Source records
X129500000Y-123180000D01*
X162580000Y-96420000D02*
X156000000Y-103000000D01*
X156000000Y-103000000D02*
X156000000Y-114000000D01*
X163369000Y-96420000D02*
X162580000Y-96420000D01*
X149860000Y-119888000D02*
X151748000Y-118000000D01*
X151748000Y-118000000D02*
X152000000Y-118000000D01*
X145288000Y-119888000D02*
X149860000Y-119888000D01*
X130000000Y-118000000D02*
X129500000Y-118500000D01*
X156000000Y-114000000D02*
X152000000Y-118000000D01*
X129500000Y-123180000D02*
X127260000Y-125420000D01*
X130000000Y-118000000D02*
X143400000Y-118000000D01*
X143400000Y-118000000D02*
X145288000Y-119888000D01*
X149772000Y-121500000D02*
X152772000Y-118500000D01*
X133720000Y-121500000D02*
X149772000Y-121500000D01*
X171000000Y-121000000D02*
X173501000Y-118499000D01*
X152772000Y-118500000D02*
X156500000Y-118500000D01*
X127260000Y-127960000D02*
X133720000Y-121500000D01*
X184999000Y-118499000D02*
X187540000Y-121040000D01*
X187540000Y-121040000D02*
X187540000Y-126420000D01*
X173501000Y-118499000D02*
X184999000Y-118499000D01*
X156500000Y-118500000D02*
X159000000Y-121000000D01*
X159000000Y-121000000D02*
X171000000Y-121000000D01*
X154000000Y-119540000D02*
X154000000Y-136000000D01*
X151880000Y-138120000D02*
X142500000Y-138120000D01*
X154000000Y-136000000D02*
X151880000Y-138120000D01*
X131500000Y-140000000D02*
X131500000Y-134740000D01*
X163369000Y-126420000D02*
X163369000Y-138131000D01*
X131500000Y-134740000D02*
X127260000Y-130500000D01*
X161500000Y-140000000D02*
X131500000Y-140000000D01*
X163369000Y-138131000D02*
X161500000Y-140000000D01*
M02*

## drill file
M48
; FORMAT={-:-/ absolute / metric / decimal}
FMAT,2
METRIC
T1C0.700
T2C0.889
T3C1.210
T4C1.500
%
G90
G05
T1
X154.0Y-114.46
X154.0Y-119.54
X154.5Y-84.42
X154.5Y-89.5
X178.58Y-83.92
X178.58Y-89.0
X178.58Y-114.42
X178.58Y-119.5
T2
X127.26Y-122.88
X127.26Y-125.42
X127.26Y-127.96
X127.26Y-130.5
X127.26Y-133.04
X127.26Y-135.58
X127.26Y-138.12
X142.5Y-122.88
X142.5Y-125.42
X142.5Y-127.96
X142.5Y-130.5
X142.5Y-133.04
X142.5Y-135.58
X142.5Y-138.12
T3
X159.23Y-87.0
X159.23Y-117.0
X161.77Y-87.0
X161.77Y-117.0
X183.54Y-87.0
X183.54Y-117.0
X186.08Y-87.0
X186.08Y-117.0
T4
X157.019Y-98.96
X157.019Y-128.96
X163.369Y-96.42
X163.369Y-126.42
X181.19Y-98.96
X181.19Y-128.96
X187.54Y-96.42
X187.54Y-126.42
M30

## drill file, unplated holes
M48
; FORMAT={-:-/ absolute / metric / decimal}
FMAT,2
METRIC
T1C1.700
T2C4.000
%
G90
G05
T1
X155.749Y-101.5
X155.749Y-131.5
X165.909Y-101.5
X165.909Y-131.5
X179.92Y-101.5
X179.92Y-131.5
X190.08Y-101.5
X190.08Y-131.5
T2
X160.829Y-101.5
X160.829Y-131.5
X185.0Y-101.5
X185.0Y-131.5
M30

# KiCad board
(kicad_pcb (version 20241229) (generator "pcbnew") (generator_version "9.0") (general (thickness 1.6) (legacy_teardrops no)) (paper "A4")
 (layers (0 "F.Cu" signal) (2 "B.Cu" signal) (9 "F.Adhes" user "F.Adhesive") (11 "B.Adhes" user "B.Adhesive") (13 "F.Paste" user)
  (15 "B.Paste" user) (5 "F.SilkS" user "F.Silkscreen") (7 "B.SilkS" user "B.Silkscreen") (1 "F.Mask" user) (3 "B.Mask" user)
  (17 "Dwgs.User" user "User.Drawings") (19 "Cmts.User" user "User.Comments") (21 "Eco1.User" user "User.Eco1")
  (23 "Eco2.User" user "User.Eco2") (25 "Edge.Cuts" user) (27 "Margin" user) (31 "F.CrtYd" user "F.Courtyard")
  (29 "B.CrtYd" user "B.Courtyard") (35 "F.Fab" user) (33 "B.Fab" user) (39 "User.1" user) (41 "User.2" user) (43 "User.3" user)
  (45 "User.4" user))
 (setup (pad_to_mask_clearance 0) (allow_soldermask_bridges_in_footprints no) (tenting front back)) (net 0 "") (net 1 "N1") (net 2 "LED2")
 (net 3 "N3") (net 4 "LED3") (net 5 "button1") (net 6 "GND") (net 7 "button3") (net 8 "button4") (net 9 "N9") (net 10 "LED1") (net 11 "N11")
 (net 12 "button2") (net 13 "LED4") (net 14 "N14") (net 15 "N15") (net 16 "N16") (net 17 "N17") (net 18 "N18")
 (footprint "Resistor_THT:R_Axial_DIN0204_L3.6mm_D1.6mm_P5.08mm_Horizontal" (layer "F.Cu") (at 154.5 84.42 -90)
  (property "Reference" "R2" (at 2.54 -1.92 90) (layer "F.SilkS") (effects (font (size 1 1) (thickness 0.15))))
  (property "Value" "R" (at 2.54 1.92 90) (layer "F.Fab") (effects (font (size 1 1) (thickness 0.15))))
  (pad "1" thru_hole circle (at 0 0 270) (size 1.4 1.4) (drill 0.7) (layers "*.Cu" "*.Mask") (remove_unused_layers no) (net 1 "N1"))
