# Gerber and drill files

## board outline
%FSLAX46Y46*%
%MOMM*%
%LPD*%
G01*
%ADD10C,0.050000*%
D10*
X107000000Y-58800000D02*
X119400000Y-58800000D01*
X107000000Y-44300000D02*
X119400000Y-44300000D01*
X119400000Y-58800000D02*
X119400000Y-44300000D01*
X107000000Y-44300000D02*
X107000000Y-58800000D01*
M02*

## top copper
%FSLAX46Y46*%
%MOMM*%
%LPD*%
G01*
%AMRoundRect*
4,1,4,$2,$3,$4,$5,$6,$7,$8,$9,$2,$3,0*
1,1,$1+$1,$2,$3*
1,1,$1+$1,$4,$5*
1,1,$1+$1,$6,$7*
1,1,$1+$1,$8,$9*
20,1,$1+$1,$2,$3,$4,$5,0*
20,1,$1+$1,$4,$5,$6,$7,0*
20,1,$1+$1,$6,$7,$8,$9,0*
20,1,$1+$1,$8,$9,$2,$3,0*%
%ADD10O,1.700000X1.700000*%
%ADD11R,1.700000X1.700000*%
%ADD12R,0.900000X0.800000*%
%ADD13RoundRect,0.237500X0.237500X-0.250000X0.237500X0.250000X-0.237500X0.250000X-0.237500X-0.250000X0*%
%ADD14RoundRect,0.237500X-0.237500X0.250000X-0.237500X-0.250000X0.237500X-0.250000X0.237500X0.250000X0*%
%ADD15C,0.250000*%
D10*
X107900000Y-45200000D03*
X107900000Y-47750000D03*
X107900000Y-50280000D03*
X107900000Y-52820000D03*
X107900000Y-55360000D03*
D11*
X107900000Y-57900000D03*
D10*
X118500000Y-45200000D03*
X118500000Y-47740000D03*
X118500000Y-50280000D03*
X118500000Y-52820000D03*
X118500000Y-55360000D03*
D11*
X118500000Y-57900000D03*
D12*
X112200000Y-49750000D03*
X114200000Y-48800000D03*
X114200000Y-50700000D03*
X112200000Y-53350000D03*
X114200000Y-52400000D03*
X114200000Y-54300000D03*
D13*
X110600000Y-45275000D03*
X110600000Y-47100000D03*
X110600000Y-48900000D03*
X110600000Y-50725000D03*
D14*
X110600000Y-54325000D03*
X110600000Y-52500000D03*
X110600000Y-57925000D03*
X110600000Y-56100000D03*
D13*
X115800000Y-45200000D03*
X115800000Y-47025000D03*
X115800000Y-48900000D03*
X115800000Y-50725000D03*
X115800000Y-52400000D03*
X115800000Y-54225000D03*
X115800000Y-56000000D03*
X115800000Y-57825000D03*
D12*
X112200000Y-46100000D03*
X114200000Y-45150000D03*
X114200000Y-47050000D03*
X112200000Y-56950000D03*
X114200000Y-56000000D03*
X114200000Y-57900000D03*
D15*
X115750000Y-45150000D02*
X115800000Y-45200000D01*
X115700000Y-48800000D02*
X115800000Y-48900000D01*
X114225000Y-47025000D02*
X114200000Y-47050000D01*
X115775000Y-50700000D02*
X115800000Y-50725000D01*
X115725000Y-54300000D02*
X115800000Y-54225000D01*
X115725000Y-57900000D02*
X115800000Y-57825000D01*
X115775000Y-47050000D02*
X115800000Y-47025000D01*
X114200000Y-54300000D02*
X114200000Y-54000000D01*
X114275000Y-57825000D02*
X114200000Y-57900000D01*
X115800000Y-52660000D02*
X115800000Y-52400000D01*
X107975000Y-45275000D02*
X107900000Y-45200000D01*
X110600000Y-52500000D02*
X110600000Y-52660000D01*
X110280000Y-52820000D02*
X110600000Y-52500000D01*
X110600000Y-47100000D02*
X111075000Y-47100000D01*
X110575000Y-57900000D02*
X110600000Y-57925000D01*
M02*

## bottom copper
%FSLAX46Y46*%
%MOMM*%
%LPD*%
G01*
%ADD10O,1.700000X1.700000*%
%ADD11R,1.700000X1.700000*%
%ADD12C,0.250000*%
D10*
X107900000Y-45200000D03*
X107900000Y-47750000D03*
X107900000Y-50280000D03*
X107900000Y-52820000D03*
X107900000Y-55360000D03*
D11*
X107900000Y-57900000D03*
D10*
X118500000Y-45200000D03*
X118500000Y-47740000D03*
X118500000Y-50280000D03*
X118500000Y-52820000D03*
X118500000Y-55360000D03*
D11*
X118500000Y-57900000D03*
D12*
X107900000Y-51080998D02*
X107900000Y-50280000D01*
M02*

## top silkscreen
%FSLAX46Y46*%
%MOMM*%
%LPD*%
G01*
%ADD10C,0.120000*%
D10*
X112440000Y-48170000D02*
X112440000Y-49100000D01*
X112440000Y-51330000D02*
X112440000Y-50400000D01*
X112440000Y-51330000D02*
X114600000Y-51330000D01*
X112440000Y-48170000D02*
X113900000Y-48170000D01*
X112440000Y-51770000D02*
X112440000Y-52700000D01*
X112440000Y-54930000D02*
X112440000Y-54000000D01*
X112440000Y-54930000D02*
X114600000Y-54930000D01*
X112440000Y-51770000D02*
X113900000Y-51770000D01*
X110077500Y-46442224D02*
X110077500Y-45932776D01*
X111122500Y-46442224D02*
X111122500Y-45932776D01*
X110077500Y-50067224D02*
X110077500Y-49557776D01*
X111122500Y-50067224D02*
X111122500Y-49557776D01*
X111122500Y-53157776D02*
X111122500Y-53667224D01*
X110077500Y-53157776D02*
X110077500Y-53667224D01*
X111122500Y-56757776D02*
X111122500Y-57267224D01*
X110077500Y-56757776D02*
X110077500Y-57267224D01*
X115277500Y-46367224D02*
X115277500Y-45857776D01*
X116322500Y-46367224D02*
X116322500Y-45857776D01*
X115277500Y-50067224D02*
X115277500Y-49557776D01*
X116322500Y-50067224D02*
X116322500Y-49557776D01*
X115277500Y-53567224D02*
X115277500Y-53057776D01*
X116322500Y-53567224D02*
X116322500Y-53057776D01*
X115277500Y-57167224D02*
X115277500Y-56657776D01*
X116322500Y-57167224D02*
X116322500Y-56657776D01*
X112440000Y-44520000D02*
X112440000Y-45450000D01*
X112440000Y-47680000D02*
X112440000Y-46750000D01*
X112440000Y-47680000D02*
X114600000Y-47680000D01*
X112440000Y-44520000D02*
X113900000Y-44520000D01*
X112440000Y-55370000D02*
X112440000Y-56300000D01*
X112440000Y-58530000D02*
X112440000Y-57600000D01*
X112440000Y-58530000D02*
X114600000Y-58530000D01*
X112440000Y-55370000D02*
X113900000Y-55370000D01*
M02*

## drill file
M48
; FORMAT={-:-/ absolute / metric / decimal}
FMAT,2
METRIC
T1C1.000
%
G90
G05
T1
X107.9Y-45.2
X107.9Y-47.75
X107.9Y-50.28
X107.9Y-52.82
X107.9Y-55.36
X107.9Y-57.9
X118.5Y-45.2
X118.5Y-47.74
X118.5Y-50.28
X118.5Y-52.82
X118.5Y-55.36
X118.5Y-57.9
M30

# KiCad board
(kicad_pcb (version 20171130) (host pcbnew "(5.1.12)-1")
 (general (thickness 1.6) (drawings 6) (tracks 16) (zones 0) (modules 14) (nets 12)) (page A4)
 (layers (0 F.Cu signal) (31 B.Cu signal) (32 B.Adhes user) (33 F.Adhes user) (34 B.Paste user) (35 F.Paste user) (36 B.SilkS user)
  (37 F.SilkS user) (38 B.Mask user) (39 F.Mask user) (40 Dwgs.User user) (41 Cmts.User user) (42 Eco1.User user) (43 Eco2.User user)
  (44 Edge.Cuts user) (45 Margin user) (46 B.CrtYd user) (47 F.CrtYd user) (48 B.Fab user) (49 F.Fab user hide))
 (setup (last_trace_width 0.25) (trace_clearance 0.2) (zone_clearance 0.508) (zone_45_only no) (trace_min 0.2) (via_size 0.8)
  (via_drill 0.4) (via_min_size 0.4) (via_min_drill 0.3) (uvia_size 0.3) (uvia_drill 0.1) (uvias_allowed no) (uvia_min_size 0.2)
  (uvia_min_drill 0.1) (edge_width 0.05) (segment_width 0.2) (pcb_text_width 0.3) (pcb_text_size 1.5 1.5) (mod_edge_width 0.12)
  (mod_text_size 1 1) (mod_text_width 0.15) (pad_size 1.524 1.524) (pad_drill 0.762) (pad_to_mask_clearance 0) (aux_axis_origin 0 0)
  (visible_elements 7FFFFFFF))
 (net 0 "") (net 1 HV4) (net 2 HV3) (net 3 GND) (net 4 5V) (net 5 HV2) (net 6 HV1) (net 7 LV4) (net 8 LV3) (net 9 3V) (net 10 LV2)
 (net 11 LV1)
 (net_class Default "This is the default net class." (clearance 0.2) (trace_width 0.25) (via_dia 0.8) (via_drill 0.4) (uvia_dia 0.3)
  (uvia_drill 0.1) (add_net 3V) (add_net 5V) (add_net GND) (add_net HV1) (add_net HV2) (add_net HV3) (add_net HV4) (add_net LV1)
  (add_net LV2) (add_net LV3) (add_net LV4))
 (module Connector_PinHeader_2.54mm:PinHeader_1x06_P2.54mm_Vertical (layer B.Cu) (at 107.9 57.9)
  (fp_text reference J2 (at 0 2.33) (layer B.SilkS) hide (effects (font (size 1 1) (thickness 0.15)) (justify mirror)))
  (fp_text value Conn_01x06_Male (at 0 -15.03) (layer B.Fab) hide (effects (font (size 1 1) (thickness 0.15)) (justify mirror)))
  (pad 6 thru_hole oval (at 0 -12.7) (size 1.7 1.7) (drill 1) (layers *.Cu *.Mask) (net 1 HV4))
  (pad 5 thru_hole oval (at 0 -10.15) (size 1.7 1.7) (drill 1) (layers *.Cu *.Mask) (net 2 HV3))
  (pad 4 thru_hole oval (at 0 -7.62) (size 1.7 1.7) (drill 1) (layers *.Cu *.Mask) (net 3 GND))
  (pad 3 thru_hole oval (at 0 -5.08) (size 1.7 1.7) (drill 1) (layers *.Cu *.Mask) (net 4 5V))
  (pad 2 thru_hole oval (at 0 -2.54) (size 1.7 1.7) (drill 1) (layers *.Cu *.Mask) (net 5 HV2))
  (pad 1 thru_hole rect (at 0 0) (size 1.7 1.7) (drill 1) (layers *.Cu *.Mask) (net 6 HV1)))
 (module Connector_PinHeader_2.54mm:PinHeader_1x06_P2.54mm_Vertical (layer B.Cu) (at 118.5 57.9)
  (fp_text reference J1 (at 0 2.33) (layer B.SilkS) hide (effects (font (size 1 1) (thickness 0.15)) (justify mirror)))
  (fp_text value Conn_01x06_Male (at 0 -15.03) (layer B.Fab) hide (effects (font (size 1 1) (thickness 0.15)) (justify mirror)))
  (pad 6 thru_hole oval (at 0 -12.7) (size 1.7 1.7) (drill 1) (layers *.Cu *.Mask) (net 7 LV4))
  (pad 5 thru_hole oval (at 0 -10.16) (size 1.7 1.7) (drill 1) (layers *.Cu *.Mask) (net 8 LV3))
  (pad 4 thru_hole oval (at 0 -7.62) (size 1.7 1.7) (drill 1) (layers *.Cu *.Mask) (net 3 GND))
  (pad 3 thru_hole oval (at 0 -5.08) (size 1.7 1.7) (drill 1) (layers *.Cu *.Mask) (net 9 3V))
  (pad 2 thru_hole oval (at 0 -2.54) (size 1.7 1.7) (drill 1) (layers *.Cu *.Mask) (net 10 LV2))
  (pad 1 thru_hole rect (at 0 0) (size 1.7 1.7) (drill 1) (layers *.Cu *.Mask) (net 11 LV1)))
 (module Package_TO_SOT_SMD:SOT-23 (layer F.Cu) (at 113.2 49.75 180)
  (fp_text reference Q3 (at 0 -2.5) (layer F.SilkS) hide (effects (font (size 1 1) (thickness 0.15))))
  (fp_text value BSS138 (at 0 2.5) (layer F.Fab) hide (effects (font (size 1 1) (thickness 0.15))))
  (fp_line (start 0.76 1.58) (end 0.76 0.65) (layer F.SilkS) (width 0.12))
  (fp_line (start 0.76 -1.58) (end 0.76 -0.65) (layer F.SilkS) (width 0.12))
  (fp_line (start 0.76 -1.58) (end -1.4 -1.58) (layer F.SilkS) (width 0.12))
  (fp_line (start 0.76 1.58) (end -0.7 1.58) (layer F.SilkS) (width 0.12))
  (pad 3 smd rect (at 1 0 180) (size 0.9 0.8) (layers F.Cu F.Paste F.Mask) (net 2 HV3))
  (pad 2 smd rect (at -1 0.95 180) (size 0.9 0.8) (layers F.Cu F.Paste F.Mask) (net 8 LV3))
  (pad 1 smd rect (at -1 -0.95 180) (size 0.9 0.8) (layers F.Cu F.Paste F.Mask) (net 9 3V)))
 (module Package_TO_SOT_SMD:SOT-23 (layer F.Cu) (at 113.2 53.35 180)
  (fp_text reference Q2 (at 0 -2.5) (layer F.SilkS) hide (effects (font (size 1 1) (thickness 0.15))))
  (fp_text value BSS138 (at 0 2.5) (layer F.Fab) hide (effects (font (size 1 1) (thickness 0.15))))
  (fp_line (start 0.76 1.58) (end 0.76 0.65) (layer F.SilkS) (width 0.12))
  (fp_line (start 0.76 -1.58) (end 0.76 -0.65) (layer F.SilkS) (width 0.12))
  (fp_line (start 0.76 -1.58) (end -1.4 -1.58) (layer F.SilkS) (width 0.12))
  (fp_line (start 0.76 1.58) (end -0.7 1.58) (layer F.SilkS) (width 0.12))
  (pad 3 smd rect (at 1 0 180) (size 0.9 0.8) (layers F.Cu F.Paste F.Mask) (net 5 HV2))
  (pad 2 smd rect (at -1 0.95 180) (size 0.9 0.8) (layers F.Cu F.Paste F.Mask) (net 10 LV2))
  (pad 1 smd rect (at -1 -0.95 180) (size 0.9 0.8) (layers F.Cu F.Paste F.Mask) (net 9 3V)))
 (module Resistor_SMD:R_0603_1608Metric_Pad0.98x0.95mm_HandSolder (layer F.Cu) (at 110.6 46.1875 90)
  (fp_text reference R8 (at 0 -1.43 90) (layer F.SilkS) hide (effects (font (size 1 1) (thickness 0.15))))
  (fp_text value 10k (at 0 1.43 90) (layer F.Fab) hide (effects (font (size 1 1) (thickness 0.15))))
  (fp_line (start -0.254724 -0.5225) (end 0.254724 -0.5225) (layer F.SilkS) (width 0.12))
  (fp_line (start -0.254724 0.5225) (end 0.254724 0.5225) (layer F.SilkS) (width 0.12))
  (pad 2 smd roundrect (at 0.9125 0 90) (size 0.975 0.95) (layers F.Cu F.Paste F.Mask) (roundrect_rratio 0.25) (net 1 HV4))
  (pad 1 smd roundrect (at -0.9125 0 90) (size 0.975 0.95) (layers F.Cu F.Paste F.Mask) (roundrect_rratio 0.25) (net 4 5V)))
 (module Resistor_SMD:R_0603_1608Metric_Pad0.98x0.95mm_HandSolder (layer F.Cu) (at 110.6 49.8125 90)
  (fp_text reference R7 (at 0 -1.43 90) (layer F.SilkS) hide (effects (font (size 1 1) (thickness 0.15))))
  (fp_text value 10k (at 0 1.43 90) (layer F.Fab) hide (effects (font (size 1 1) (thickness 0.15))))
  (fp_line (start -0.254724 -0.5225) (end 0.254724 -0.5225) (layer F.SilkS) (width 0.12))
  (fp_line (start -0.254724 0.5225) (end 0.254724 0.5225) (layer F.SilkS) (width 0.12))
  (pad 2 smd roundrect (at 0.9125 0 90) (size 0.975 0.95) (layers F.Cu F.Paste F.Mask) (roundrect_rratio 0.25) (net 2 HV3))
  (pad 1 smd roundrect (at -0.9125 0 90) (size 0.975 0.95) (layers F.Cu F.Paste F.Mask) (roundrect_rratio 0.25) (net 4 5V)))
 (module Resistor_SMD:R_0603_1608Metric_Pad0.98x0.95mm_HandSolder (layer F.Cu) (at 110.6 53.4125 270)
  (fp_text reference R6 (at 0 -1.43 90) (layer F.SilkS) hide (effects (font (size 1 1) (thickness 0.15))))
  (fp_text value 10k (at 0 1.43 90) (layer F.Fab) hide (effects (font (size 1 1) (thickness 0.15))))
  (fp_line (start -0.254724 -0.5225) (end 0.254724 -0.5225) (layer F.SilkS) (width 0.12))
  (fp_line (start -0.254724 0.5225) (end 0.254724 0.5225) (layer F.SilkS) (width 0.12))
  (pad 2 smd roundrect (at 0.9125 0 270) (size 0.975 0.95) (layers F.Cu F.Paste F.Mask) (roundrect_rratio 0.25) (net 5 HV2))
  (pad 1 smd roundrect (at -0.9125 0 270) (size 0.975 0.95) (layers F.Cu F.Paste F.Mask) (roundrect_rratio 0.25) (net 4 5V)))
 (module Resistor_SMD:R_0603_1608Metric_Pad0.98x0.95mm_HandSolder (layer F.Cu) (at 110.6 57.0125 270)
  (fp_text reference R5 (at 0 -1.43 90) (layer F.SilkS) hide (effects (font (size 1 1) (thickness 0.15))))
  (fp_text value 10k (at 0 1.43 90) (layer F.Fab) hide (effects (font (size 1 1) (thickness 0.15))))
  (fp_line (start -0.254724 -0.5225) (end 0.254724 -0.5225) (layer F.SilkS) (width 0.12))
  (fp_line (start -0.254724 0.5225) (end 0.254724 0.5225) (layer F.SilkS) (width 0.12))
  (pad 2 smd roundrect (at 0.9125 0 270) (size 0.975 0.95) (layers F.Cu F.Paste F.Mask) (roundrect_rratio 0.25) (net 6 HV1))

> **WHAT IS BEING ASKED**
Each line containing the word "Cmts" needs to be copied from the data above.

> **WRITTEN SOLUTION**
  (17 "Dwgs.User" user "User.Drawings") (19 "Cmts.User" user "User.Comments") (21 "Eco1.User" user "User.Eco1")
  (37 F.SilkS user) (38 B.Mask user) (39 F.Mask user) (40 Dwgs.User user) (41 Cmts.User user) (42 Eco1.User user) (43 Eco2.User user)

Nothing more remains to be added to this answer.